The Crisis Intervention and Suicide Prevention Centre of British Columbia will receive $60,000 for their Crisis Care Continuum for Veterans project, which will provide suicide prevention training to community members and organizations that work with Veterans. Veterans will also have access to 24/7 crisis services and community education.
The Veterans Transition Network will receive $200,000 for a project that will train Veterans to provide high-level peer support and para-professional counselling to support mental health, social integration and self-care for other Veterans.
Wounded Warriors Canada will receive $500,000 for their Couples Overcoming PTSD Everyday (COPE) project, which will provide Veterans suffering from PTSD with five-day counselling, psycho-education, structured reflection, life review method, group discussion facilitated by two clinicians (life experience peer couple), and six months of life coaching.
The VFWF was launched by VAC in 2018. It provides grants and contributions to conduct research and implement initiatives and projects that support the well-being of Veterans and their families. Between 2018 and 2023, the VFWF has awarded $42.6M in funding to 77 organizations, for 123 initiatives.
"Caring for our mental health is crucial, and I am pleased to support the impactful projects these devoted groups are undertaking here in British Columbia through the Veteran and Family Well-being Fund. Veterans and first responders have unique needs and that means we need to work together in providing care, treating PTSD, mental health problems and other medical needs."

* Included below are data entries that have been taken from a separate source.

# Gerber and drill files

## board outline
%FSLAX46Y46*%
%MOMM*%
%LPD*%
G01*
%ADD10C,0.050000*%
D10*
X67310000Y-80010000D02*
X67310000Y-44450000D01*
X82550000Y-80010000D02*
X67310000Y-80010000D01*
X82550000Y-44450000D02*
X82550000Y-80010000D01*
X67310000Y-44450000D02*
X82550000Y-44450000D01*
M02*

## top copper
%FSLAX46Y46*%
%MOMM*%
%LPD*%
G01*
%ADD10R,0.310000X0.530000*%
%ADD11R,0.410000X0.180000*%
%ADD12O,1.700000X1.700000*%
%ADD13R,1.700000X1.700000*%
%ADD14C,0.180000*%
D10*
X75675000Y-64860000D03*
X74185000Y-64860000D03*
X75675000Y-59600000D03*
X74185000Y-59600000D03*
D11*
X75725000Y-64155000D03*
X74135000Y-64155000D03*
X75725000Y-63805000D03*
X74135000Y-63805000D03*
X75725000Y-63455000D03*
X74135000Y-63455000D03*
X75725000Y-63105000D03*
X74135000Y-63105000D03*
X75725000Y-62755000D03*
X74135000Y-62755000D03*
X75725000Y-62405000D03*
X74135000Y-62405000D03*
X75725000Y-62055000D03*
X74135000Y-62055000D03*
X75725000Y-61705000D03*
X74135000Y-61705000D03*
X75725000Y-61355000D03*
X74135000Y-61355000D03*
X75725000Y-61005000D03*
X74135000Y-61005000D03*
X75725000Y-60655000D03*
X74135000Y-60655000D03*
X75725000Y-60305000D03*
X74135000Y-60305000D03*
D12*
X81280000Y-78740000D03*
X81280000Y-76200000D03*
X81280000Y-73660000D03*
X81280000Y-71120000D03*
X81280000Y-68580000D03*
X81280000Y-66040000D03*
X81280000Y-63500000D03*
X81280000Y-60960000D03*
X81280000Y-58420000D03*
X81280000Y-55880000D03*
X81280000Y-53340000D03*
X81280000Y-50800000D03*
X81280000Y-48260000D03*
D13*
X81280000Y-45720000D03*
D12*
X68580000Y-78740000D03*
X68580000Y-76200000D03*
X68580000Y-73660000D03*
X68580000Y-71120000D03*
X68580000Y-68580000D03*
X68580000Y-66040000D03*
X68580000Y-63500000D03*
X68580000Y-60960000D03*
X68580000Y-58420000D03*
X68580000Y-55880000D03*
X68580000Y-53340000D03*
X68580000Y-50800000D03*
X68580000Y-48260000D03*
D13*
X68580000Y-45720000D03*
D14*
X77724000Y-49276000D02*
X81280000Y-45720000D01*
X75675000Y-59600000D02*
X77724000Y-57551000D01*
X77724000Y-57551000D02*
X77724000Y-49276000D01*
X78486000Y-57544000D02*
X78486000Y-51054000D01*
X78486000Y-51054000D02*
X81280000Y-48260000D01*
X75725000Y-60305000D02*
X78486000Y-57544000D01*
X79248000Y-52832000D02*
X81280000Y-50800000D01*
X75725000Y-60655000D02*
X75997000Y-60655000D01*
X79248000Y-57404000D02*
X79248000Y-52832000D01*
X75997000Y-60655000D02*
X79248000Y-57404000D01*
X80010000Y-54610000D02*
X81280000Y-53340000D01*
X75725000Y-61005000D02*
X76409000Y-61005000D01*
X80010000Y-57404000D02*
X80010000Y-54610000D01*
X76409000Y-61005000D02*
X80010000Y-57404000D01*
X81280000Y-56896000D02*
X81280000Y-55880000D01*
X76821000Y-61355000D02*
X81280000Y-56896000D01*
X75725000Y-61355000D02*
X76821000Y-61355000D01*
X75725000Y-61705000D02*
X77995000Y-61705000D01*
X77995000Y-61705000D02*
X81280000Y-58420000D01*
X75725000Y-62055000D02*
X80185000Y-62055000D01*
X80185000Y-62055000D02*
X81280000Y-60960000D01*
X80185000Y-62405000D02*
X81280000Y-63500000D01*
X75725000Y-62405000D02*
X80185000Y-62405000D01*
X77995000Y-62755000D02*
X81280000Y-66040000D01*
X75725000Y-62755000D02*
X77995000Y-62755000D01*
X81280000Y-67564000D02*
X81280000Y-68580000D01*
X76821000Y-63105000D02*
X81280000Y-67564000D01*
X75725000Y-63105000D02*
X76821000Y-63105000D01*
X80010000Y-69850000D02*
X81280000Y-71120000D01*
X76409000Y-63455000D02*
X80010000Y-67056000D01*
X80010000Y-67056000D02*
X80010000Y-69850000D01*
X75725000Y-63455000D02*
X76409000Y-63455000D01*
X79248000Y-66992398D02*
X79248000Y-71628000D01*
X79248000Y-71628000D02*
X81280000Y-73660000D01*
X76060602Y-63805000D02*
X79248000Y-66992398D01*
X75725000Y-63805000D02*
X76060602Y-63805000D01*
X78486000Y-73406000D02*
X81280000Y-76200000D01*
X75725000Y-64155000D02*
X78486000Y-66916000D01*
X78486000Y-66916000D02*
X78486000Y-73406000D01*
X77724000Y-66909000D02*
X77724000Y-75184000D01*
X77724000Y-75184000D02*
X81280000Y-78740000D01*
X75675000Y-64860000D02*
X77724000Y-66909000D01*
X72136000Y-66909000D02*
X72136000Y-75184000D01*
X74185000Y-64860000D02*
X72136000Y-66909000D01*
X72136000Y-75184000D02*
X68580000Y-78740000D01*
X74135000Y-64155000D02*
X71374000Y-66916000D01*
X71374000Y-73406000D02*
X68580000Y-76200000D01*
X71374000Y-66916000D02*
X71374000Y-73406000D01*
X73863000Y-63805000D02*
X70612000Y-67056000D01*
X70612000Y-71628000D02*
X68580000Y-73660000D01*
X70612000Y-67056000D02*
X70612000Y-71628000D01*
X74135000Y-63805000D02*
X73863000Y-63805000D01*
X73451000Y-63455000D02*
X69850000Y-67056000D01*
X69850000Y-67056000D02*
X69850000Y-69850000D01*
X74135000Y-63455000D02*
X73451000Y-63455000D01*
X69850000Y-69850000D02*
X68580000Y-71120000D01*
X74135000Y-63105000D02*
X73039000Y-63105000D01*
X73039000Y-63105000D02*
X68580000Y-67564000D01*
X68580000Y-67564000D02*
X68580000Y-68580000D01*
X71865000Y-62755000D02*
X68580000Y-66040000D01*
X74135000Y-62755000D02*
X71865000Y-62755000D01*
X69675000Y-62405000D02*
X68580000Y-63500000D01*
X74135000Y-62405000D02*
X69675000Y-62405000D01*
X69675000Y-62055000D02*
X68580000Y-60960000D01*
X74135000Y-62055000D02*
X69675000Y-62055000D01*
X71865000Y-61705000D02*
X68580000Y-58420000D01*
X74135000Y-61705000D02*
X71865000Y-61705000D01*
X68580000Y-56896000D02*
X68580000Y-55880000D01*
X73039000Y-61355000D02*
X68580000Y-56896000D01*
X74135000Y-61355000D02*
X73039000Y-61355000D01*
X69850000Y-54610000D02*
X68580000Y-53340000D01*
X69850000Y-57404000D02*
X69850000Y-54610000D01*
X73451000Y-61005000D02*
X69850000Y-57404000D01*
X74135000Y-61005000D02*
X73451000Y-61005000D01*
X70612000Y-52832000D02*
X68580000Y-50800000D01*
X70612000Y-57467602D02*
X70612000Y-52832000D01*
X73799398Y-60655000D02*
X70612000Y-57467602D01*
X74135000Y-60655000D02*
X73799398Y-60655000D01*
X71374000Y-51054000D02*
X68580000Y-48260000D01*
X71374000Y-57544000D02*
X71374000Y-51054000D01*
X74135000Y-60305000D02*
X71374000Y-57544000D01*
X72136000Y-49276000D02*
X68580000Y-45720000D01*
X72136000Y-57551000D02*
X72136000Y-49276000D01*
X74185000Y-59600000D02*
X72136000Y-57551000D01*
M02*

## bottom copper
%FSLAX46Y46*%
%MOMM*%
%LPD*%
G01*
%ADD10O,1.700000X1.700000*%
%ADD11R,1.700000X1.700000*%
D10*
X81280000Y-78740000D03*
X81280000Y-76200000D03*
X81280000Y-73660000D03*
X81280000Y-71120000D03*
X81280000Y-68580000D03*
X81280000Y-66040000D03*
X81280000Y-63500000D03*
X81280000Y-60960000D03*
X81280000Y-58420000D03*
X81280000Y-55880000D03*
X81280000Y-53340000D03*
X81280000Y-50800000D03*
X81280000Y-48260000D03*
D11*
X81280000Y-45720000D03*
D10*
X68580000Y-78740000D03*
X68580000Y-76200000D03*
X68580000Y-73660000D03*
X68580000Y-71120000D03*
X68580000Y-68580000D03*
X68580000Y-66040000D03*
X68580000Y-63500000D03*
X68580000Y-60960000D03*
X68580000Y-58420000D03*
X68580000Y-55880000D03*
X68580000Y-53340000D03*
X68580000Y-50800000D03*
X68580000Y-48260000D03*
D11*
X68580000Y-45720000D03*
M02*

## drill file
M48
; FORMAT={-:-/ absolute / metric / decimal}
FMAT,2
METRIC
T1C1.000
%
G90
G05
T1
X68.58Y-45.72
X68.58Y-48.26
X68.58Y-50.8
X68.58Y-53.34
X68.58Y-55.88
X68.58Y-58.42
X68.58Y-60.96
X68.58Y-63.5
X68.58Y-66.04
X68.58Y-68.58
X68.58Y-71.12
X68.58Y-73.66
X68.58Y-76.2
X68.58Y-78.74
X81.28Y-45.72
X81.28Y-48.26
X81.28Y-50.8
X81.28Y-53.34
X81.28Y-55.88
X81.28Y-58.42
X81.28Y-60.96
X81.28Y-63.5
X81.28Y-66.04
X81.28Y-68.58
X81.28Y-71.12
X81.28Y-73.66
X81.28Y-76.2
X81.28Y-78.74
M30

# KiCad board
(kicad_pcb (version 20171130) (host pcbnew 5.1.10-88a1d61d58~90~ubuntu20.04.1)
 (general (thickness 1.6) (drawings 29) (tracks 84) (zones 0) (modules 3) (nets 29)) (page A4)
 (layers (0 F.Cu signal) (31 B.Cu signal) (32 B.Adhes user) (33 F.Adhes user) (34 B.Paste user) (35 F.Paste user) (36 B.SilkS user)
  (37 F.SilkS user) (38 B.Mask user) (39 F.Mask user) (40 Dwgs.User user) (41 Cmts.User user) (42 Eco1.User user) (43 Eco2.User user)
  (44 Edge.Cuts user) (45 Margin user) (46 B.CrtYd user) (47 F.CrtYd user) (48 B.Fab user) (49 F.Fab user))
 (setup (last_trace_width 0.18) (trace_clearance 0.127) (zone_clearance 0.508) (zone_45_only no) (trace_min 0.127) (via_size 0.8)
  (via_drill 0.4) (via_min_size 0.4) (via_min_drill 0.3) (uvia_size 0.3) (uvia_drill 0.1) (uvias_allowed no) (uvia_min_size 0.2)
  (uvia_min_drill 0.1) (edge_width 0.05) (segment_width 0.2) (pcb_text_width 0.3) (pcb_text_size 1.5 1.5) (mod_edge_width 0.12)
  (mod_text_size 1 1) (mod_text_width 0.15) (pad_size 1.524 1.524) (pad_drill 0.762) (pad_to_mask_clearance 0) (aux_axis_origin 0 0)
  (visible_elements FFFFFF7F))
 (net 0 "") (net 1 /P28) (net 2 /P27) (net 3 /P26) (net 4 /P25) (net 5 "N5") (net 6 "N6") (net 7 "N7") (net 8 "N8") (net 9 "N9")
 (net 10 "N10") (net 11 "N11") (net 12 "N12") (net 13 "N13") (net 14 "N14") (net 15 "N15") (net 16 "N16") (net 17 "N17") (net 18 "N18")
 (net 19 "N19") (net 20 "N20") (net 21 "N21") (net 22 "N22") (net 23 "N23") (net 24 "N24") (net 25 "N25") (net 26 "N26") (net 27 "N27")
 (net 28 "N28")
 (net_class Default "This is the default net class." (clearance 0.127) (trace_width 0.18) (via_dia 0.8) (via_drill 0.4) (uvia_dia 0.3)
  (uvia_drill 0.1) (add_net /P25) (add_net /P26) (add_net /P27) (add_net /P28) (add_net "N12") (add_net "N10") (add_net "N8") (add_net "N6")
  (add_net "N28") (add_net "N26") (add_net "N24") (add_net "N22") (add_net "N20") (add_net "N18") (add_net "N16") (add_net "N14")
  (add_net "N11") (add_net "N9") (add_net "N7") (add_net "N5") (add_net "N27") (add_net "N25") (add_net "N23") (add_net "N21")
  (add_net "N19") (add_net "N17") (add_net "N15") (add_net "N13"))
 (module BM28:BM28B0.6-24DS (layer F.Cu) (at 74.93 62.23)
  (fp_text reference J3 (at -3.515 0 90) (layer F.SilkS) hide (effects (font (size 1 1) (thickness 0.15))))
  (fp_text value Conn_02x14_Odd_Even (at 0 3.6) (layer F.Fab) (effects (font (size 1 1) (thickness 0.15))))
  (pad 28 smd rect (at 0.745 2.63) (size 0.31 0.53) (layers F.Cu F.Paste F.Mask) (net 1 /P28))
  (pad 27 smd rect (at -0.745 2.63) (size 0.31 0.53) (layers F.Cu F.Paste F.Mask) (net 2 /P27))
  (pad 26 smd rect (at 0.745 -2.63) (size 0.31 0.53) (layers F.Cu F.Paste F.Mask) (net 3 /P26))
  (pad 25 smd rect (at -0.745 -2.63) (size 0.31 0.53) (layers F.Cu F.Paste F.Mask) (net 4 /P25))
  (pad 24 smd rect (at 0.795 1.925) (size 0.41 0.18) (layers F.Cu F.Paste F.Mask) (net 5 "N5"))
  (pad 23 smd rect (at -0.795 1.925) (size 0.41 0.18) (layers F.Cu F.Paste F.Mask) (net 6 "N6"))
  (pad 22 smd rect (at 0.795 1.575) (size 0.41 0.18) (layers F.Cu F.Paste F.Mask) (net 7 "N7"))
  (pad 21 smd rect (at -0.795 1.575) (size 0.41 0.18) (layers F.Cu F.Paste F.Mask) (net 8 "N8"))
  (pad 20 smd rect (at 0.795 1.225) (size 0.41 0.18) (layers F.Cu F.Paste F.Mask) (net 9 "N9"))
  (pad 19 smd rect (at -0.795 1.225) (size 0.41 0.18) (layers F.Cu F.Paste F.Mask) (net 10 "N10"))
  (pad 18 smd rect (at 0.795 0.875) (size 0.41 0.18) (layers F.Cu F.Paste F.Mask) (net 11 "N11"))
  (pad 17 smd rect (at -0.795 0.875) (size 0.41 0.18) (layers F.Cu F.Paste F.Mask) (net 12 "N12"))
  (pad 16 smd rect (at 0.795 0.525) (size 0.41 0.18) (layers F.Cu F.Paste F.Mask) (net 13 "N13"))
  (pad 15 smd rect (at -0.795 0.525) (size 0.41 0.18) (layers F.Cu F.Paste F.Mask) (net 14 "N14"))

Honourable Ginette Petitpas Taylor, Minister of Veterans Affairs and Associate Minister of National Defence
"I'm happy to see this partnership between these organizations and the Government of Canada in support of Veterans in British Columbia. Projects like these help us help Veterans who have done so much for Canadians."
Randeep Sarai, Member of Parliament for Surrey Centre
"With this multi-year funding from Veterans Affairs Canada, Moving Forward will support Veterans and their families with individual and group counselling, peer support, and support in connecting to health, employment, financial aid, and other resources. We will also connect and collaborate with community partners to ensure an integrated system of support for our Veterans and their families."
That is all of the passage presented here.